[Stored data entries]

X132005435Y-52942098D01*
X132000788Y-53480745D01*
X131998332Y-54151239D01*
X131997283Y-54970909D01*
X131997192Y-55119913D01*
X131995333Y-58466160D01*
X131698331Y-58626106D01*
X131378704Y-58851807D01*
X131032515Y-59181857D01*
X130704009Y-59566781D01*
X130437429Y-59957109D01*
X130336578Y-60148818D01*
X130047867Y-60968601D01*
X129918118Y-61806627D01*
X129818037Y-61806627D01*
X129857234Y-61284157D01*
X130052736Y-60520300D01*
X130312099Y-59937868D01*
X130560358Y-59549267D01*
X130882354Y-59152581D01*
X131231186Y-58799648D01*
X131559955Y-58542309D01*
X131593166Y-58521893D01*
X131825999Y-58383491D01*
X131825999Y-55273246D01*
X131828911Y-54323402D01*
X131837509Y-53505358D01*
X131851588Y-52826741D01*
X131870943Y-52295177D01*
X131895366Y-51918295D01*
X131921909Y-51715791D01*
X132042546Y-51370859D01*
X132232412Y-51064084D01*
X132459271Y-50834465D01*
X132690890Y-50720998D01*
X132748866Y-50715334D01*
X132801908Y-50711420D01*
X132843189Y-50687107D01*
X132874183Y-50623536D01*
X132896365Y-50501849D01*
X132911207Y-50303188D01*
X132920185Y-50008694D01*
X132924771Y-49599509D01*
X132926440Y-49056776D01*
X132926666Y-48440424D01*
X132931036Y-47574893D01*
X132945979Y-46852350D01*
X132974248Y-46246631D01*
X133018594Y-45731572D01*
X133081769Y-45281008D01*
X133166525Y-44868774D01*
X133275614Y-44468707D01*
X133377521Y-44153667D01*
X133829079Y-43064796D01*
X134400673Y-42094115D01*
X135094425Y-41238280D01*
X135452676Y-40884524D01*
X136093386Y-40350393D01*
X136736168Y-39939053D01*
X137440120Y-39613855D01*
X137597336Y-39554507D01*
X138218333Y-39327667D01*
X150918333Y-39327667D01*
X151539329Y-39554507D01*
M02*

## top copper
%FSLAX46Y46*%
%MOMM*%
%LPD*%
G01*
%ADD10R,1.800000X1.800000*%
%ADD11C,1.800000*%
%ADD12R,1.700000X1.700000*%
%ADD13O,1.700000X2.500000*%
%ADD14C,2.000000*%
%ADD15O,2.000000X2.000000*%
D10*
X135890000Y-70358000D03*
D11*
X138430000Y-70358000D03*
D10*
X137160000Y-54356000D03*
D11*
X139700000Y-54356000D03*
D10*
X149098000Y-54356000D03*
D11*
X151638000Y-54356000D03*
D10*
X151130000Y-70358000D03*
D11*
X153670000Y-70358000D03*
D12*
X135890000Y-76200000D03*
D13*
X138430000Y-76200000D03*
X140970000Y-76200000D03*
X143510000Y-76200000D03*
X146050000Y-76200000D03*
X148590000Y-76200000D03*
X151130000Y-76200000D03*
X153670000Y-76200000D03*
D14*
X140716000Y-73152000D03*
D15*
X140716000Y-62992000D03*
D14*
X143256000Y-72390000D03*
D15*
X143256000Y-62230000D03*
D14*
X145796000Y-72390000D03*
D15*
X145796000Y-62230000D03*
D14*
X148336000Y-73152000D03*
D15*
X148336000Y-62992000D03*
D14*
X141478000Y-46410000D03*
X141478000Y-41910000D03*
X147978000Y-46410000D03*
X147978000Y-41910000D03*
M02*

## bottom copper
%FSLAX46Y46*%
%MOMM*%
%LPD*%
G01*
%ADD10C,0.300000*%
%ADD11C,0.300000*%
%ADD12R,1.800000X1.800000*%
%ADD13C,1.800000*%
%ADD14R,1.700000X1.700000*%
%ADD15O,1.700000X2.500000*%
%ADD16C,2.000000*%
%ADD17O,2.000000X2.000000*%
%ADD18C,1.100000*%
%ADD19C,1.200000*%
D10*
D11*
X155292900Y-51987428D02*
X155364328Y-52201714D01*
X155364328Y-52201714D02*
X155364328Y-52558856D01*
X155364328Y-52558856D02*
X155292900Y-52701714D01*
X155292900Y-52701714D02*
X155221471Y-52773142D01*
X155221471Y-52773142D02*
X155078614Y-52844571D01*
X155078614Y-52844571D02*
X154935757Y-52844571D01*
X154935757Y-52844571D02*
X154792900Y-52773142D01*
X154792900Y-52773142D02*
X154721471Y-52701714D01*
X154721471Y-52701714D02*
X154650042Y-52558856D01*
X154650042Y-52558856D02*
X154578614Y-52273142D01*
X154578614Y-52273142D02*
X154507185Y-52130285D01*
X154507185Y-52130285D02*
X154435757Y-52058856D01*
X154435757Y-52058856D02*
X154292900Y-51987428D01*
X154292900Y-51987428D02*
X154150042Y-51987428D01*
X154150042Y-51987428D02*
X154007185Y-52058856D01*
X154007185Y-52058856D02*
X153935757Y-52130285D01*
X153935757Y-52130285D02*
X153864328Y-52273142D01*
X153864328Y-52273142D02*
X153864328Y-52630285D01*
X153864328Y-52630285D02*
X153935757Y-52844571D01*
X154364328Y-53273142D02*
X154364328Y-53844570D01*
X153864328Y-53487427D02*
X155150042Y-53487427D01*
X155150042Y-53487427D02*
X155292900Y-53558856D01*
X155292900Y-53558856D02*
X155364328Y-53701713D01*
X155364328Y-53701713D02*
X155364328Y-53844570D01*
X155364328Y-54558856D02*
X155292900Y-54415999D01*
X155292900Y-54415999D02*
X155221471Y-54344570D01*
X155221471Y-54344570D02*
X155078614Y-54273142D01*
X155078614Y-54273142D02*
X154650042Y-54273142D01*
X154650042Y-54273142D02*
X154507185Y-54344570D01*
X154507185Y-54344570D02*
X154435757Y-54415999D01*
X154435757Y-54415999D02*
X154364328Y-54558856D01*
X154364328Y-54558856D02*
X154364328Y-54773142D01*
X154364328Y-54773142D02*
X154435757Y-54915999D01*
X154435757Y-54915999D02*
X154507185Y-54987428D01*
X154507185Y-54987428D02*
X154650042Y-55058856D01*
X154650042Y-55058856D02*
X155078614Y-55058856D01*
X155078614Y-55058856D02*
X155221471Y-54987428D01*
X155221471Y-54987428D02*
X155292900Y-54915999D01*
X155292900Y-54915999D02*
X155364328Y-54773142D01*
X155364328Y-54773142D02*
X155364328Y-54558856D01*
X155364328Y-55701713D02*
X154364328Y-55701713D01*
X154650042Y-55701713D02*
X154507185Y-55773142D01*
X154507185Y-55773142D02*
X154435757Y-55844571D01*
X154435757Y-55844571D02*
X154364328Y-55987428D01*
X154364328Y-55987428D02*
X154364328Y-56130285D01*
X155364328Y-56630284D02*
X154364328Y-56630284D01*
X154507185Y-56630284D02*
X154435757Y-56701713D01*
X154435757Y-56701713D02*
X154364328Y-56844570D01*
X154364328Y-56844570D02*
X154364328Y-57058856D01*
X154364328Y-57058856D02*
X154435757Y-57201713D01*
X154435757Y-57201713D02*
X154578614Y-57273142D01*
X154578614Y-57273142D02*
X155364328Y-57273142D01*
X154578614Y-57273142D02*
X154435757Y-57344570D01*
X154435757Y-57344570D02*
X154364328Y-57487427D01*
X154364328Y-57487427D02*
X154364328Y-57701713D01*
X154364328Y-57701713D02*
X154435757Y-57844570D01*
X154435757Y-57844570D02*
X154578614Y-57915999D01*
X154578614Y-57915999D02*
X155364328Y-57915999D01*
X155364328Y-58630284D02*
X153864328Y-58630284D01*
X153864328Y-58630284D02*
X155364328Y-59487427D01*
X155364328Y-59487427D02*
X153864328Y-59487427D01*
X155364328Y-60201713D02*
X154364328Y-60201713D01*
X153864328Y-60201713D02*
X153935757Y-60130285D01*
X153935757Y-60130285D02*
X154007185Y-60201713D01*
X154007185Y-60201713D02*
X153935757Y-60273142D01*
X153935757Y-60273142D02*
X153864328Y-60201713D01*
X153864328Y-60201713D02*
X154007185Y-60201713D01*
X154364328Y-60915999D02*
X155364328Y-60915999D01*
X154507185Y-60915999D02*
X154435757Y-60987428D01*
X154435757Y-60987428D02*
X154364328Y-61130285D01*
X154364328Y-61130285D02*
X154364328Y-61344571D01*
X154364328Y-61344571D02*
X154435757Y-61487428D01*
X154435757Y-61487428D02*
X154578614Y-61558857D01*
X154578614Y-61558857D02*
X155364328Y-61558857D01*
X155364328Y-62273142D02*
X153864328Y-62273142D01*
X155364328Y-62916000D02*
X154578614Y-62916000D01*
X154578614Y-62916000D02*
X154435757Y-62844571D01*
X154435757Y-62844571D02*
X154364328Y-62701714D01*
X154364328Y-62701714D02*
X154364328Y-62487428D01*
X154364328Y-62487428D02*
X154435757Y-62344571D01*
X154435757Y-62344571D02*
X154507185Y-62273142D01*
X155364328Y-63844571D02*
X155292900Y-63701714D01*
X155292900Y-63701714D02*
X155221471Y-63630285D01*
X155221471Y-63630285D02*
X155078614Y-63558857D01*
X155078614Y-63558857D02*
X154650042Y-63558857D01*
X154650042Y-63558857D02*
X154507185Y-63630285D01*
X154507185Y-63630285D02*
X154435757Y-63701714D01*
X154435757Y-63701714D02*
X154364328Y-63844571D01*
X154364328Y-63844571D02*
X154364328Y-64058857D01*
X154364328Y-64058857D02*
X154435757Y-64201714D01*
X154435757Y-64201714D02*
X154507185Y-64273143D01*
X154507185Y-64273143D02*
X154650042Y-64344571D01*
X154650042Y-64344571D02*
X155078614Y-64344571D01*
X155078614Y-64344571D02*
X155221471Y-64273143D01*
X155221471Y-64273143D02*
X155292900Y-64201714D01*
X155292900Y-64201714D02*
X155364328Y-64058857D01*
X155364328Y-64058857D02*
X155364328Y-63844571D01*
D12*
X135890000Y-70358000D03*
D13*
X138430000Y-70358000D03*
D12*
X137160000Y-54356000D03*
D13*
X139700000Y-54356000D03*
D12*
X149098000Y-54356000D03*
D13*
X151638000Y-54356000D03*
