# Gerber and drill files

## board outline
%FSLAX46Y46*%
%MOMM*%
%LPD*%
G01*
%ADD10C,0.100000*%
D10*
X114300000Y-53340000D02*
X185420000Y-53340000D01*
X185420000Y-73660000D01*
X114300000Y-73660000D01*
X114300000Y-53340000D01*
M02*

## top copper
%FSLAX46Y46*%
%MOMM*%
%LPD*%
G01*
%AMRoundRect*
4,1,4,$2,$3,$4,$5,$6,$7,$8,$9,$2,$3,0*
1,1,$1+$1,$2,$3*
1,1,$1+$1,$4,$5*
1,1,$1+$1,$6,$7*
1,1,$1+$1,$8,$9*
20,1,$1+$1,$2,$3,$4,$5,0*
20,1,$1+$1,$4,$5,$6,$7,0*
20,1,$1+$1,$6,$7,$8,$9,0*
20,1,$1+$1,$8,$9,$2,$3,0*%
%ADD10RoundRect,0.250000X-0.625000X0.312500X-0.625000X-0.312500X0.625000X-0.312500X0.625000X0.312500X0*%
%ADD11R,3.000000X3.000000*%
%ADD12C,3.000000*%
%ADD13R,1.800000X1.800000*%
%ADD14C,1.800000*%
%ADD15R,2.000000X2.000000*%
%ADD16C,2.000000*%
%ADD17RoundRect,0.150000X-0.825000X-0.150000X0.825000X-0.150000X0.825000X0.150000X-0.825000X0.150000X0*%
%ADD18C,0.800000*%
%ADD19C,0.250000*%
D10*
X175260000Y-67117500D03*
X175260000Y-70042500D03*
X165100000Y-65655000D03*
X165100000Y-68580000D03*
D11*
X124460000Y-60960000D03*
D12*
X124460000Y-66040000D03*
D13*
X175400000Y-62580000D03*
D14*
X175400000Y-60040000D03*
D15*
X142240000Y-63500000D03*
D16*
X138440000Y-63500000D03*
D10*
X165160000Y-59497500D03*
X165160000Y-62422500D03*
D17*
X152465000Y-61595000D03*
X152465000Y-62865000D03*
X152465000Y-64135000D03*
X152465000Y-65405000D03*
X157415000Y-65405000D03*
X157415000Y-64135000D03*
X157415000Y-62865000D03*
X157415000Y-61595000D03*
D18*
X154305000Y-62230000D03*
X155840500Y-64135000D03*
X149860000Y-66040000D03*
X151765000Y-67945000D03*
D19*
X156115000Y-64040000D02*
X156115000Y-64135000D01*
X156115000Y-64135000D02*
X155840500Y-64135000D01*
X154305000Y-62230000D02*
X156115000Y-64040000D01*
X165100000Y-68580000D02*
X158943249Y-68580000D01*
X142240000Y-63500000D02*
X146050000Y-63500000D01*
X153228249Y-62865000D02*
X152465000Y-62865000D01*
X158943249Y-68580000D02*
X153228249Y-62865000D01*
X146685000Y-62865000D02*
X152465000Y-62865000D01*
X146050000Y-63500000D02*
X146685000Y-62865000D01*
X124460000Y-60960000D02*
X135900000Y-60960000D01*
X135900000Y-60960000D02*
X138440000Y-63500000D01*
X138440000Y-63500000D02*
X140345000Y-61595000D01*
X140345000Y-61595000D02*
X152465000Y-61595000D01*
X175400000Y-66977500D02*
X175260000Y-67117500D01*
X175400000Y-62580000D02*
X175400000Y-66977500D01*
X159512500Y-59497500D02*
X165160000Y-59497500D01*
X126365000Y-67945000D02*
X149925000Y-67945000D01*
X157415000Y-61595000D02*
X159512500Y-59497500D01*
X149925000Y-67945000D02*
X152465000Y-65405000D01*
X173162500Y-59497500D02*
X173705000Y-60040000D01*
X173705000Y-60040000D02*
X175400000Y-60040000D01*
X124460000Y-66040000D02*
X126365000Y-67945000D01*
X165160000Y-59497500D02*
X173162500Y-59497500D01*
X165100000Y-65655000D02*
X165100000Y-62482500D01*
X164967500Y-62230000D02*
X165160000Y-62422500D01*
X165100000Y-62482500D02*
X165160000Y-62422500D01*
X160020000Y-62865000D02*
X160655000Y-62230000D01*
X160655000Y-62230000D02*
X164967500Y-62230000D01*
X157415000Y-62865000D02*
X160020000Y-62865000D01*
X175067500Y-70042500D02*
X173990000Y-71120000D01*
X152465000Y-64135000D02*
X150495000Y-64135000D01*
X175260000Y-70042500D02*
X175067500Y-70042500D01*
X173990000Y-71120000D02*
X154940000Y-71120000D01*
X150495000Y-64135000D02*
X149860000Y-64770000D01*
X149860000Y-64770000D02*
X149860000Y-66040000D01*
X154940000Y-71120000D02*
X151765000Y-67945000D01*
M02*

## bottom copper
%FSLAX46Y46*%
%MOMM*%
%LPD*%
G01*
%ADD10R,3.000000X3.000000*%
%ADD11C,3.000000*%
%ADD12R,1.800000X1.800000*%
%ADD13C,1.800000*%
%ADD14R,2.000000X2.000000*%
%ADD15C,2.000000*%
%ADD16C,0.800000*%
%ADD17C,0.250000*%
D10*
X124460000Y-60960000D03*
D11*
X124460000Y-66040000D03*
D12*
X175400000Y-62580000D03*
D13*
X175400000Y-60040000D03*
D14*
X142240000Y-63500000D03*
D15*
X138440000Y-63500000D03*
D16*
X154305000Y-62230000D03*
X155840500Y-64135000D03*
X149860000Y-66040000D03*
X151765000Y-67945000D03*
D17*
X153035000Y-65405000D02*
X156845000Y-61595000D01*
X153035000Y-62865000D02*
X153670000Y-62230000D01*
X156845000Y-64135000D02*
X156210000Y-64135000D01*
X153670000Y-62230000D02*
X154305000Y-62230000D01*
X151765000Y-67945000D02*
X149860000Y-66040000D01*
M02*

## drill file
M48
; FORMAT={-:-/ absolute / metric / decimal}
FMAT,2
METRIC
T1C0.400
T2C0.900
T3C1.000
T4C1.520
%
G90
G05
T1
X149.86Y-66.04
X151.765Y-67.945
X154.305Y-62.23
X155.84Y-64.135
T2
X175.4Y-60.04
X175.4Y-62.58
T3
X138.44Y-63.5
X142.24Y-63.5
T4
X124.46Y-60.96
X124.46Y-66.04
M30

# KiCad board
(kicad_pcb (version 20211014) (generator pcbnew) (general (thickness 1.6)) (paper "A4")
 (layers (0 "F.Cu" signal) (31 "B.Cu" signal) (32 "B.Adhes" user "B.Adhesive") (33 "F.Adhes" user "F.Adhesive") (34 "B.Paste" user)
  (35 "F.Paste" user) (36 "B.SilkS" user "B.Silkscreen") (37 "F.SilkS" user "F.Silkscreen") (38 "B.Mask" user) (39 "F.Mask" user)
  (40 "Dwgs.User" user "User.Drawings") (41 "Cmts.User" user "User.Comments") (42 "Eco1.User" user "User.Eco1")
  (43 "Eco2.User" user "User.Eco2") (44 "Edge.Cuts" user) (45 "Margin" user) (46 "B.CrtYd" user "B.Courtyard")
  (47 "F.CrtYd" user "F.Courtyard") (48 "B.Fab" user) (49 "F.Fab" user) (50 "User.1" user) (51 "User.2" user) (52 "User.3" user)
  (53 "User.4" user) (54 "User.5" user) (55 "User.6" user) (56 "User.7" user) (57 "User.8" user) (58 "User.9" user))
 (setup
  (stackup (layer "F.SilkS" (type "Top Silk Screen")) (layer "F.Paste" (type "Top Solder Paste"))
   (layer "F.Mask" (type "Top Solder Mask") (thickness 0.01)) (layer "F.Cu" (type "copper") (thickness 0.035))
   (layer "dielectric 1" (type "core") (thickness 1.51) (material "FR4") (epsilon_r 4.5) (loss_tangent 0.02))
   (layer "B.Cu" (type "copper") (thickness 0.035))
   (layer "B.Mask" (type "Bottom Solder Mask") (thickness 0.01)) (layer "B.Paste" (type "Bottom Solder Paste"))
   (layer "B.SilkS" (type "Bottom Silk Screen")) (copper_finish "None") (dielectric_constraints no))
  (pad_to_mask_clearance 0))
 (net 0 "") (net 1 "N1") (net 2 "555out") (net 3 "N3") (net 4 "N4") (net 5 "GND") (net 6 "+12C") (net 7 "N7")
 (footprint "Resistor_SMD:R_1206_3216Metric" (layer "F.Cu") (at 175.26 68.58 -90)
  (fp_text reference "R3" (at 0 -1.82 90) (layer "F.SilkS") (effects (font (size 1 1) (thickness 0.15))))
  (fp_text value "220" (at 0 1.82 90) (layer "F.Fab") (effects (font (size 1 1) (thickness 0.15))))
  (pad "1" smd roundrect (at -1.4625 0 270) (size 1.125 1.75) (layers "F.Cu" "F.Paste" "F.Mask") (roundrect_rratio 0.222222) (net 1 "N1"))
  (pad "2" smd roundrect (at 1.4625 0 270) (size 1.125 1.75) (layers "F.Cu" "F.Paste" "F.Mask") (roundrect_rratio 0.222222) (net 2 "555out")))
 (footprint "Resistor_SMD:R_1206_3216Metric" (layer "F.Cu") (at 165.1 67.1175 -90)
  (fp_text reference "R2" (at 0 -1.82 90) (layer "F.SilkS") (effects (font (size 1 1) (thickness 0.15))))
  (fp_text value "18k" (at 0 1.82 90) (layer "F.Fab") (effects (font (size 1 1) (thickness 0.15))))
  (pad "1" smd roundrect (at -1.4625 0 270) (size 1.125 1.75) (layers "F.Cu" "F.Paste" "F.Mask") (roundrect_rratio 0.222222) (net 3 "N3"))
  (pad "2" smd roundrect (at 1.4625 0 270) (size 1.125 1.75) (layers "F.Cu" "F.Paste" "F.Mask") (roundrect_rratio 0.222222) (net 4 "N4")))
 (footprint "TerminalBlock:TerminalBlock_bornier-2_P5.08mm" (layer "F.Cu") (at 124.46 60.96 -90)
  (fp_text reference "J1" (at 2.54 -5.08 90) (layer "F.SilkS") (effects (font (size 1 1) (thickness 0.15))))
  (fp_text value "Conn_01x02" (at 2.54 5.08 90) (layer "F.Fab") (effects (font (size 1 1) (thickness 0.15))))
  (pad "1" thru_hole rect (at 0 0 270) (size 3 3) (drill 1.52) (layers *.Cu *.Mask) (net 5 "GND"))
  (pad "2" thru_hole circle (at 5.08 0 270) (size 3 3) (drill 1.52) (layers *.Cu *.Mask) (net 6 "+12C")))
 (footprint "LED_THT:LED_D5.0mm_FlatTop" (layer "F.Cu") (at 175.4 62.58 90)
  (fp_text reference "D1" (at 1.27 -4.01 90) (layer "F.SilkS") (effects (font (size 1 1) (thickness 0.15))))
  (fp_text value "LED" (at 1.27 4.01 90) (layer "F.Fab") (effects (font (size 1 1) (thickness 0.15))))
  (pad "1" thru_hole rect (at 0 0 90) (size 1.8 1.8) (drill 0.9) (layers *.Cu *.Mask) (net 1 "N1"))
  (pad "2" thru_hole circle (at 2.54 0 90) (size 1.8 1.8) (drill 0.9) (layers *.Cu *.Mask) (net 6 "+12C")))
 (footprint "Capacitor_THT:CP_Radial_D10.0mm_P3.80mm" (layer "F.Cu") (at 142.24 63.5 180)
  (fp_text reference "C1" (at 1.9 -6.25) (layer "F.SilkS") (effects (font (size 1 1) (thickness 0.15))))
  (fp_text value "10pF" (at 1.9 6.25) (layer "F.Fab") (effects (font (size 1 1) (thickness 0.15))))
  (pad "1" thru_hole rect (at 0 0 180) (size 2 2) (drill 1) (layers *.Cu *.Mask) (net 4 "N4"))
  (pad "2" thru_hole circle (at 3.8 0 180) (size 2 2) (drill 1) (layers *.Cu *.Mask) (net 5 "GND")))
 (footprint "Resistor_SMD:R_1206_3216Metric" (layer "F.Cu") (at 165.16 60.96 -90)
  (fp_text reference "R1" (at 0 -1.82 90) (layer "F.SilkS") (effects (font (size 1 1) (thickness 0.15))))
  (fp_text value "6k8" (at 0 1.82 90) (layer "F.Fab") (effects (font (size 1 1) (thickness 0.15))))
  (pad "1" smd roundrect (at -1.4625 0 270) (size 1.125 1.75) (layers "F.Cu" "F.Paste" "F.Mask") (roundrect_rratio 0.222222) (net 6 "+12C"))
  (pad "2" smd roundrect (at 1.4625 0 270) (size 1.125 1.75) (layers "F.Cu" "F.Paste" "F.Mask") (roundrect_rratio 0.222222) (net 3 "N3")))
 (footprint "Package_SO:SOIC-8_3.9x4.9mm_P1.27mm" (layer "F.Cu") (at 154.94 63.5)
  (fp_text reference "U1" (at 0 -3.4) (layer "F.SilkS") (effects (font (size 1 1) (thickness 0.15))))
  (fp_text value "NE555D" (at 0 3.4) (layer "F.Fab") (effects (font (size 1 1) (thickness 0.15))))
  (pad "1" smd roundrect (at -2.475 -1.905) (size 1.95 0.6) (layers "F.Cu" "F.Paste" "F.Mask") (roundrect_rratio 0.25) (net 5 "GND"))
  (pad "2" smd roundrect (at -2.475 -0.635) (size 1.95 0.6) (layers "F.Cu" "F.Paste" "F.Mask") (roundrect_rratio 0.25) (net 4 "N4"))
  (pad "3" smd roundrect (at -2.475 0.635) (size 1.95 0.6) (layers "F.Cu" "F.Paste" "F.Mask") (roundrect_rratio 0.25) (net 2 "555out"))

EXERCISE BRIEF » Across the data, pull every line containing the string "type".

WORKED SOLUTION »
  (stackup (layer "F.SilkS" (type "Top Silk Screen")) (layer "F.Paste" (type "Top Solder Paste"))
   (layer "F.Mask" (type "Top Solder Mask") (thickness 0.01)) (layer "F.Cu" (type "copper") (thickness 0.035))
   (layer "dielectric 1" (type "core") (thickness 1.51) (material "FR4") (epsilon_r 4.5) (loss_tangent 0.02))
   (layer "B.Cu" (type "copper") (thickness 0.035))
   (layer "B.Mask" (type "Bottom Solder Mask") (thickness 0.01)) (layer "B.Paste" (type "Bottom Solder Paste"))
   (layer "B.SilkS" (type "Bottom Silk Screen")) (copper_finish "None") (dielectric_constraints no))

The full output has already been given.